Dynamic Spectral Co-Clustering
This page contains supplementary materials for the paper "A Spectral Co-Clustering Approach for Dynamic Data". D. Greene, P. Cunningham (2011).
Synthetic Datasets
We provide four synthetic datasets that have been generated for evaluating dynamic co-clustering. Each dataset contains 10 time step matrices, containing 1,000 objects and 1,500 features, assigned to 8 embedded clusters of objects and features.>> Download Synthetic Collection (64MB)
Text Datasets
We provide two text datasets for evaluating dynamic co-clustering. Note that both datasets are made available in pre-processed sparse format, rather than in their original raw form.
The first dataset, the RCV1-5topic dataset, is constructed from a subset of the widely-used Reuters RCV1 corpus. The 10,116 news articles cover a 7 month period. Each article is annotated with a single ground truth topical label: health, religion, science, sport, weather. These topics are present across the entire time period of the corpus. The data provided here is divided into 28 weekly time step graphs.
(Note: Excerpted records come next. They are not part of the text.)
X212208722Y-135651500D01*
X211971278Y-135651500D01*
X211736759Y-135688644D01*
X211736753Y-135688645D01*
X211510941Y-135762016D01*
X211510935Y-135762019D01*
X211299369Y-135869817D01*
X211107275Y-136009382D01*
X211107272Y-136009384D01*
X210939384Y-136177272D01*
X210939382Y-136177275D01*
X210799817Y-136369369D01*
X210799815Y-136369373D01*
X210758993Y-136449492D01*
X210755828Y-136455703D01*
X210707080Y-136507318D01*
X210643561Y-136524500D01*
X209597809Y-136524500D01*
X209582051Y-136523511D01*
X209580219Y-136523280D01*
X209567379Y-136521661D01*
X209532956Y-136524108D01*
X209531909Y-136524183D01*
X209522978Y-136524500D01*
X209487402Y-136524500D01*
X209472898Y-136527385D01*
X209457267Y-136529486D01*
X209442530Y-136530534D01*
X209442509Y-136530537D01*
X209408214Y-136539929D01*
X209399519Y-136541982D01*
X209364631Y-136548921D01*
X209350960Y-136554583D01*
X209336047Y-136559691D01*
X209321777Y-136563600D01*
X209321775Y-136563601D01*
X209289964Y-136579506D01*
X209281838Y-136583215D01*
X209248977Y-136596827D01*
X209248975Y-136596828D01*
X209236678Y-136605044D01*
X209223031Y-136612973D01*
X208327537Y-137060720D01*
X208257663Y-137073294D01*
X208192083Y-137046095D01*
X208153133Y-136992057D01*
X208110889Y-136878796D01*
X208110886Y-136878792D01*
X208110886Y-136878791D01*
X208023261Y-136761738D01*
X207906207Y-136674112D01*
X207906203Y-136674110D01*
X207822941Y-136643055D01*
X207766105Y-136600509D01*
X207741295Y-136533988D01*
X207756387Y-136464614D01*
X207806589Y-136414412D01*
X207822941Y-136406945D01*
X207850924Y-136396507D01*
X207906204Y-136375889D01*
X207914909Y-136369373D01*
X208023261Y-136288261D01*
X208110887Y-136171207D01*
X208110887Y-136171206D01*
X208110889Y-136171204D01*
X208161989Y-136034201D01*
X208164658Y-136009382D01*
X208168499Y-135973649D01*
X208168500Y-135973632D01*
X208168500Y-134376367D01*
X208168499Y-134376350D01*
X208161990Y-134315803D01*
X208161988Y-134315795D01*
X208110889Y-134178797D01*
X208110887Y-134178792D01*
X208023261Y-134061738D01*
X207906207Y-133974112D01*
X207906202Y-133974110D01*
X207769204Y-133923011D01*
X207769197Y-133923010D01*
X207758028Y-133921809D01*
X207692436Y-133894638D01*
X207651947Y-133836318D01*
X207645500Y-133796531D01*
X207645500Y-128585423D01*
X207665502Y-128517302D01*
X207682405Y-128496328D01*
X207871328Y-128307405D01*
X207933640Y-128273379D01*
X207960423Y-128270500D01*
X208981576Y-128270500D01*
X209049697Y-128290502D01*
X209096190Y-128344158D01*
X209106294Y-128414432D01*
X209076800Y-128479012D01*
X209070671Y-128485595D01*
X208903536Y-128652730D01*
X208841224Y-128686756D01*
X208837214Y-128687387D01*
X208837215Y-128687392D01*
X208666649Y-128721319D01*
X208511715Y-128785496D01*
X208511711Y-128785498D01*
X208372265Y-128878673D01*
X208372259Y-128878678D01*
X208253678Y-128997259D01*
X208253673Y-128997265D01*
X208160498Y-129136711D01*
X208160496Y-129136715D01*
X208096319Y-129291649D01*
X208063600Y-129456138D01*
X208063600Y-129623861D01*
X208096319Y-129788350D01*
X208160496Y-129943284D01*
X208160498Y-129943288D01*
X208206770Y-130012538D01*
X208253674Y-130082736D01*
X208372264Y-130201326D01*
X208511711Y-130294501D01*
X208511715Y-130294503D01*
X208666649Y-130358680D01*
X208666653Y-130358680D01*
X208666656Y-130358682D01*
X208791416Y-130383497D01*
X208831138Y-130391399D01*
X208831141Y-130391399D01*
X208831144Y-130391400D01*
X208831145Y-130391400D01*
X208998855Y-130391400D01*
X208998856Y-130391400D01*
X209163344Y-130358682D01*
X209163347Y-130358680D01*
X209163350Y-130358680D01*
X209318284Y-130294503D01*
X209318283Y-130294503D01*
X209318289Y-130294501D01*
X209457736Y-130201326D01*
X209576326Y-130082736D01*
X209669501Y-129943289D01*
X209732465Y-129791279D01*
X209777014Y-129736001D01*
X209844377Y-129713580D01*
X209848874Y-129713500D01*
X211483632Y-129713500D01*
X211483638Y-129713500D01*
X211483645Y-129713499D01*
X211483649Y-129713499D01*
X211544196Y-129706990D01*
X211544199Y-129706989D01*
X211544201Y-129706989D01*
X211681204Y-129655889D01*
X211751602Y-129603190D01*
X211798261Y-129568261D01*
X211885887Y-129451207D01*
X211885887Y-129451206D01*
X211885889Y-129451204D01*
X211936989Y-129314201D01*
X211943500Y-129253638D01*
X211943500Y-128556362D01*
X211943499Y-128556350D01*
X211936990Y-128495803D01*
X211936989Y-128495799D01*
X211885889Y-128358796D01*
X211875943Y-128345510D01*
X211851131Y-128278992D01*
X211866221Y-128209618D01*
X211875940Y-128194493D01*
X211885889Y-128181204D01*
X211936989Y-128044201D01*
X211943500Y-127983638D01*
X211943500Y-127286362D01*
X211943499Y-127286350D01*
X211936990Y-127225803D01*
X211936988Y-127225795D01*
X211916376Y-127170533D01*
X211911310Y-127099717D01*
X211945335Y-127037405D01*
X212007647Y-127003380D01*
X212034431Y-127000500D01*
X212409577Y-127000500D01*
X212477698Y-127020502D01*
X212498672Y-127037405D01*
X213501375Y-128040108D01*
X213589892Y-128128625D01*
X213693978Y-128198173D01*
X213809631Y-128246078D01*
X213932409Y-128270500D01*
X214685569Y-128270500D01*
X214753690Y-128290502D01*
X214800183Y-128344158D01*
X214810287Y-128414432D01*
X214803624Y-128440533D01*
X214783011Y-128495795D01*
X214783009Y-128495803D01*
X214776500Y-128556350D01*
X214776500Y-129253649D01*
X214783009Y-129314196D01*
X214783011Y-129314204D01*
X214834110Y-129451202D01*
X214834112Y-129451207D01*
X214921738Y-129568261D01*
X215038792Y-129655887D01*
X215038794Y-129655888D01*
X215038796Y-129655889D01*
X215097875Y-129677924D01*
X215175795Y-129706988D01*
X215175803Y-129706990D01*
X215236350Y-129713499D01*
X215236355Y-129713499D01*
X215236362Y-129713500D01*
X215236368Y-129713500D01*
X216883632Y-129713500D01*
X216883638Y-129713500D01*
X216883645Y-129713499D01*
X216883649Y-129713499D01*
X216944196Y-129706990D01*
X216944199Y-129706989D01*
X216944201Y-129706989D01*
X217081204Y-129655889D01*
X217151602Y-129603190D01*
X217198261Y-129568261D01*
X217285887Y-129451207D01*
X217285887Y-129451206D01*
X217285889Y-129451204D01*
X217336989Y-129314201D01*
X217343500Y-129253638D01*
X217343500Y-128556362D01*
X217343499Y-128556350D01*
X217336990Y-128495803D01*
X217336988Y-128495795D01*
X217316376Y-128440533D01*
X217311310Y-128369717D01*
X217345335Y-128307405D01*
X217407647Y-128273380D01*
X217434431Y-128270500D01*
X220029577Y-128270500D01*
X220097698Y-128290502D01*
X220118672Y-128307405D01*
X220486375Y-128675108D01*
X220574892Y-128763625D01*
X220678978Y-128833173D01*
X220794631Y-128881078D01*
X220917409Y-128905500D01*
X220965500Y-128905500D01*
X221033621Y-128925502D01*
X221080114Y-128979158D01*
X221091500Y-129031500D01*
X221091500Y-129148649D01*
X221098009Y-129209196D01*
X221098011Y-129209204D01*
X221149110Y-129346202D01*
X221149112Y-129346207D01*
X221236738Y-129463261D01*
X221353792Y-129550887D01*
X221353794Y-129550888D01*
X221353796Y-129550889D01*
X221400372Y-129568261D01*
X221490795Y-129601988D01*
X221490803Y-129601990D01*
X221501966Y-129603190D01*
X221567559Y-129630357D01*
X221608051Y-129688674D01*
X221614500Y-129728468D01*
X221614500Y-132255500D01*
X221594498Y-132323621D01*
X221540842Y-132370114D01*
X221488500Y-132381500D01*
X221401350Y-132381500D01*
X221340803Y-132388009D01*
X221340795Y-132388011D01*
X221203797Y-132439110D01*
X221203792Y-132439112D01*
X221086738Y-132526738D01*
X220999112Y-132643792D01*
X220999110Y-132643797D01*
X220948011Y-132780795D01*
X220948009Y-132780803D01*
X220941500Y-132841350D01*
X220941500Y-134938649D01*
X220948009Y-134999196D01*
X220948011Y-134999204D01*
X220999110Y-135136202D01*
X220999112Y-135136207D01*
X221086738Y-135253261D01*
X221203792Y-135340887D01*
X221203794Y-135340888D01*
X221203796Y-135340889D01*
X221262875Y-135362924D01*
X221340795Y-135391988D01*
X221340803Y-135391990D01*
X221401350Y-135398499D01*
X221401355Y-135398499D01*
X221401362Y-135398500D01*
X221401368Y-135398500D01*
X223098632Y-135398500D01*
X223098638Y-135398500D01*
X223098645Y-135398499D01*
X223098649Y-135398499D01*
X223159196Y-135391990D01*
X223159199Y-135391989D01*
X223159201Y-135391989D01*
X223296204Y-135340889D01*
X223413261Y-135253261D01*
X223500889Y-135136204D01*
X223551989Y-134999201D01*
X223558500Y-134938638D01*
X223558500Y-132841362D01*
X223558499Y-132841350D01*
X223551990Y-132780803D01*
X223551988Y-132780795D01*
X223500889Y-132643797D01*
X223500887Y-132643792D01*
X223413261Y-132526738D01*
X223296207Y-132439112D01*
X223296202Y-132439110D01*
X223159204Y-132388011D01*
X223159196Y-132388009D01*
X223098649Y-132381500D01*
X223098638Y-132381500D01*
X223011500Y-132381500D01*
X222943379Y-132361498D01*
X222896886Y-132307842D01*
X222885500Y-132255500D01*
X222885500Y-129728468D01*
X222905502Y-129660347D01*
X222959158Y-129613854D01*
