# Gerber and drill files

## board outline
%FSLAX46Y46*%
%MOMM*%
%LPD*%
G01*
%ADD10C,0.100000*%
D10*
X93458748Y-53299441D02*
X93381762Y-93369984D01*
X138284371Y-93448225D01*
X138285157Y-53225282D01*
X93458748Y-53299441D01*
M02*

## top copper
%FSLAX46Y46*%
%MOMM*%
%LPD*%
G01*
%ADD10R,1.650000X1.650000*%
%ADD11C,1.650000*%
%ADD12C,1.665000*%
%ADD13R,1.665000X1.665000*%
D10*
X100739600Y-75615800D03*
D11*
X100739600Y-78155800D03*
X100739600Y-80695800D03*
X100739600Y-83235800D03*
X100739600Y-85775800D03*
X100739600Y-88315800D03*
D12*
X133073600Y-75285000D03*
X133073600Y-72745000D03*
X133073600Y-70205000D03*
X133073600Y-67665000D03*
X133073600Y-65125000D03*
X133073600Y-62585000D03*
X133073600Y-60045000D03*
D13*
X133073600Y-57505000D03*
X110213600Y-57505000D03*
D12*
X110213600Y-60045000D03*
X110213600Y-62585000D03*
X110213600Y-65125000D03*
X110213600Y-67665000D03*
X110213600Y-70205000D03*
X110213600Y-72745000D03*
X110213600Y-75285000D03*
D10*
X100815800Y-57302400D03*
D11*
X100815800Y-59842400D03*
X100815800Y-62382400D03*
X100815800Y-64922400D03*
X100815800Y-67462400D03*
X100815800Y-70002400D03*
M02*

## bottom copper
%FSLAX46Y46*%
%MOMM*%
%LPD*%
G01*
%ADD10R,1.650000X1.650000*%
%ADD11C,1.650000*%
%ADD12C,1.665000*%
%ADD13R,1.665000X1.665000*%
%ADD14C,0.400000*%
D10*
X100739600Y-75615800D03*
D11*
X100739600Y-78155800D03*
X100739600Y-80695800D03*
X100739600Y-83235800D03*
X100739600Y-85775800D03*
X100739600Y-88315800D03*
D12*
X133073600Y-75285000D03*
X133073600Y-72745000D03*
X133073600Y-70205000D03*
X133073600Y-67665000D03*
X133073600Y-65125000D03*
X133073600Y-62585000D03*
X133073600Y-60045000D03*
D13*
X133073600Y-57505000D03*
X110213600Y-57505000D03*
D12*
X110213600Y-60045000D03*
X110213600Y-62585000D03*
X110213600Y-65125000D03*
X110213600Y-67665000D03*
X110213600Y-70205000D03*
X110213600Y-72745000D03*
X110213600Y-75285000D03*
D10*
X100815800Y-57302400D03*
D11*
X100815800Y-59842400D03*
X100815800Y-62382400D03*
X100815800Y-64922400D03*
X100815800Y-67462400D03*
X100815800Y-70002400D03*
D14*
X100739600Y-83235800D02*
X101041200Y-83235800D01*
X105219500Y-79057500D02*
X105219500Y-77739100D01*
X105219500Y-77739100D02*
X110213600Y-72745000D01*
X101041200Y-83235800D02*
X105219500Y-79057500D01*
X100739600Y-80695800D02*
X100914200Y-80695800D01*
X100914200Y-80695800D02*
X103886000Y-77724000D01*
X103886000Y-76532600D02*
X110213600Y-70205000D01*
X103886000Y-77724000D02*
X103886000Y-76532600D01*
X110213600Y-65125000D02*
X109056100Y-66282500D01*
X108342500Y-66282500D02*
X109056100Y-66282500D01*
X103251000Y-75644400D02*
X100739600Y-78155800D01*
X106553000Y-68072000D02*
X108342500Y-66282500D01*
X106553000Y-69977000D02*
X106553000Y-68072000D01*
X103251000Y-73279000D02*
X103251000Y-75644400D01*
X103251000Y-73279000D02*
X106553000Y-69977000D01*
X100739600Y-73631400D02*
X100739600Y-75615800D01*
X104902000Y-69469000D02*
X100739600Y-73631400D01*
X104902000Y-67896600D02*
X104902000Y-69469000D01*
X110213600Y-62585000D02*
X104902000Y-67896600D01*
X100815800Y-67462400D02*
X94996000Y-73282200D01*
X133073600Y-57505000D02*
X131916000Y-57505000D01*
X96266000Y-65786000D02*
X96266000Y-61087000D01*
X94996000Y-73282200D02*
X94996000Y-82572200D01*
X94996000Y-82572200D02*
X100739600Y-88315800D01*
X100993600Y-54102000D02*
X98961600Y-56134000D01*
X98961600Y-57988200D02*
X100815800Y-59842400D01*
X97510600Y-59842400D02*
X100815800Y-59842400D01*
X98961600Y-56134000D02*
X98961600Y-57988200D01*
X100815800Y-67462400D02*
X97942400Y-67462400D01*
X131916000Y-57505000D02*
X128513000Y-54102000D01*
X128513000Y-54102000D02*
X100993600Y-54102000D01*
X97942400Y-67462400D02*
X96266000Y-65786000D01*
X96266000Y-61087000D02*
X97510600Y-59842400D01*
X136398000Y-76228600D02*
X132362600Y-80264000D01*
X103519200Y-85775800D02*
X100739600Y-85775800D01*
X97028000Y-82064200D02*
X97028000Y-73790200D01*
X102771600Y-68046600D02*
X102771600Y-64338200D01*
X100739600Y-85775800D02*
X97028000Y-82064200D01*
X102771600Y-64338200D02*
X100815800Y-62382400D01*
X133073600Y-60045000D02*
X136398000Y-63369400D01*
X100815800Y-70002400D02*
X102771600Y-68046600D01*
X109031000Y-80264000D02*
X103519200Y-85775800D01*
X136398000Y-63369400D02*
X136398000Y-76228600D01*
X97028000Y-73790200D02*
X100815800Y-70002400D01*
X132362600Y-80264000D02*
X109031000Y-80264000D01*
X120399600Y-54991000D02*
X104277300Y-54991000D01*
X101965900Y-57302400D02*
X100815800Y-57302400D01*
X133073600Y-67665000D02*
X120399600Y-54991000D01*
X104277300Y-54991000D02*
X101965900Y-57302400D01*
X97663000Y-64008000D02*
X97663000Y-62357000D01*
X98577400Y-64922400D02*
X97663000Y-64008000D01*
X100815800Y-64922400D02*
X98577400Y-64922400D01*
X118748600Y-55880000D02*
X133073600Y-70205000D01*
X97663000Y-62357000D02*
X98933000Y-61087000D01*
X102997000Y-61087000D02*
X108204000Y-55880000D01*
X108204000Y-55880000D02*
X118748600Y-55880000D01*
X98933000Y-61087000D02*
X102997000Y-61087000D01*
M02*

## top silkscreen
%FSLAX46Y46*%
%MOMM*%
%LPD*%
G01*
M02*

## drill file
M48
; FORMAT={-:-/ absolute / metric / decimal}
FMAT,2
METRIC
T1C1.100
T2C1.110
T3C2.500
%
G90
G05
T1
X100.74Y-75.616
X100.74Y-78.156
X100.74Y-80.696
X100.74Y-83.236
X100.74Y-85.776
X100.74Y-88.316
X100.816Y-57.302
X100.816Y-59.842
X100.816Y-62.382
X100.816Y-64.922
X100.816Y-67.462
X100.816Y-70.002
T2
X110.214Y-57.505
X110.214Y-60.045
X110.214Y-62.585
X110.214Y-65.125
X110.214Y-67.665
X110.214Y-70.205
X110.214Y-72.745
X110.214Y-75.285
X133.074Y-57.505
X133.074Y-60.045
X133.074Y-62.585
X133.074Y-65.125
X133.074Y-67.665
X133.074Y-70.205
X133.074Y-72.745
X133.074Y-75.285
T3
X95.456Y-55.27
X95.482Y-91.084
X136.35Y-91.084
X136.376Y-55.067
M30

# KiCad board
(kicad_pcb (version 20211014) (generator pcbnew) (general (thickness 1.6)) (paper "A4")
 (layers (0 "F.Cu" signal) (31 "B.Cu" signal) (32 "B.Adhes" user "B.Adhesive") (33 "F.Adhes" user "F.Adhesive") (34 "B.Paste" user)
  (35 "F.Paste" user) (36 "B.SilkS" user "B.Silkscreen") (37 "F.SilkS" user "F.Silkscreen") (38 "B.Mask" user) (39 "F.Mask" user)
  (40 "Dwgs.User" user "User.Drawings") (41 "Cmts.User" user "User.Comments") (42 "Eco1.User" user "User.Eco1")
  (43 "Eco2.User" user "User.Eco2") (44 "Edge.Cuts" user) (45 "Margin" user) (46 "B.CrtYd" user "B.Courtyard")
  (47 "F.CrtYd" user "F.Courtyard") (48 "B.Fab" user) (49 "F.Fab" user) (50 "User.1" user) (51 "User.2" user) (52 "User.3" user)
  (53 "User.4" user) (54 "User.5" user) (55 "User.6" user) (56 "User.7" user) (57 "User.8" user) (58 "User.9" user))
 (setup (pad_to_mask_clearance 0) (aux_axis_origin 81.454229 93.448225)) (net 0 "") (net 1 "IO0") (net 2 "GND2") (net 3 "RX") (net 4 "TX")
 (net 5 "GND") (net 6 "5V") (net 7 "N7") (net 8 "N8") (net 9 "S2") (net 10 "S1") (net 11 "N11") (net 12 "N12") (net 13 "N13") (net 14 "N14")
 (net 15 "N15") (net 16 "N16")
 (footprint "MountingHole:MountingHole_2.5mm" (layer "B.Cu") (at 95.4564 55.2704 180)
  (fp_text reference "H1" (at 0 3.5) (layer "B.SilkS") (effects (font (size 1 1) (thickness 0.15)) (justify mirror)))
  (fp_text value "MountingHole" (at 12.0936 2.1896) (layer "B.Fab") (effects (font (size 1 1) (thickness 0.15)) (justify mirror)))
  (pad "" np_thru_hole circle (at 0 0 180) (size 2.5 2.5) (drill 2.5) (layers *.Cu *.Mask)))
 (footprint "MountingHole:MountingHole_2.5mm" (layer "B.Cu") (at 136.3758 55.0672 180)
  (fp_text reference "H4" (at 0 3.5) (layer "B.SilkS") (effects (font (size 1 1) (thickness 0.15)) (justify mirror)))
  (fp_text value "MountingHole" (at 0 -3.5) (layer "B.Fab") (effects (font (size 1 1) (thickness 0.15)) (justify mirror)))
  (pad "" np_thru_hole circle (at 0 0 180) (size 2.5 2.5) (drill 2.5) (layers *.Cu *.Mask)))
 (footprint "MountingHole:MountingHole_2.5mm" (layer "B.Cu") (at 136.3504 91.0844 180)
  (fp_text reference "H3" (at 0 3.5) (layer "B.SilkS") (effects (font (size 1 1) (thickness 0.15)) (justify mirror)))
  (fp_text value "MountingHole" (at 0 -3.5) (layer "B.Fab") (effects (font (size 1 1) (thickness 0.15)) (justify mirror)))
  (pad "" np_thru_hole circle (at 0 0 180) (size 2.5 2.5) (drill 2.5) (layers *.Cu *.Mask)))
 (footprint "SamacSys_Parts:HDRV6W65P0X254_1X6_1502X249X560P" (layer "B.Cu") (at 100.7396 75.6158 -90)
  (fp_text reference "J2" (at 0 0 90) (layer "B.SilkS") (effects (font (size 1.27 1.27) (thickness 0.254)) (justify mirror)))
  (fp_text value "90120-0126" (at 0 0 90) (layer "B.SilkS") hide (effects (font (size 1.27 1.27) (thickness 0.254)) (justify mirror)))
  (pad "1" thru_hole rect (at 0 0 180) (size 1.65 1.65) (drill 1.1) (layers *.Cu *.Mask "B.SilkS") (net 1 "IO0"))
  (pad "2" thru_hole circle (at 2.54 0 180) (size 1.65 1.65) (drill 1.1) (layers *.Cu *.Mask "B.SilkS") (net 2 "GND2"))
  (pad "3" thru_hole circle (at 5.08 0 180) (size 1.65 1.65) (drill 1.1) (layers *.Cu *.Mask "B.SilkS") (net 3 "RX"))
  (pad "4" thru_hole circle (at 7.62 0 180) (size 1.65 1.65) (drill 1.1) (layers *.Cu *.Mask "B.SilkS") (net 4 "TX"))
  (pad "5" thru_hole circle (at 10.16 0 180) (size 1.65 1.65) (drill 1.1) (layers *.Cu *.Mask "B.SilkS") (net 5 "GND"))
  (pad "6" thru_hole circle (at 12.7 0 180) (size 1.65 1.65) (drill 1.1) (layers *.Cu *.Mask "B.SilkS") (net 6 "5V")))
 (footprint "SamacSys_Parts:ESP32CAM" (layer "B.Cu") (at 133.0736 75.285 180)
>> Download RCV1-5topic Weekly Collection (4MB)
The second dataset consists of a set of
bookmarks from the Del.icio.us web portal, originally
collected Gorlitz et al. The
subset here covers the 2,000 top tags and 5,000 top sites across an
eleven month period from January to November 2006. This data is divided
into 44 weekly time step graphs. Note that ground-truth annotations are not provided for this dataset.
>> Download Delicious Top 5000 Bookmark Collection (14MB)
Data Formats
All datasets are provided in sparse matrix form. The data has already been pre-processed and divided into time steps. Each time step graph is stored using the following files:- *.mtx: Sparse feature-object matrix in Matrix Market format.
- *.fids: List of features in present in each step, with each line corresponding to a row (feature) of the corresponding feature-object matrix.
- *.ids: List of object identifiers for each step, with each line corresponding to a column (object) of the corresponding feature-object matrix.
- *.clist: Where available, a list of grounth truth object clustering annotations for each step, with each line corresponding to a column (object) of the corresponding feature-object matrix.
- *.fclist: Where available, a list of grounth truth feature clustering annotations for each step, with each line corresponding to a row (feature) of the corresponding feature-object matrix.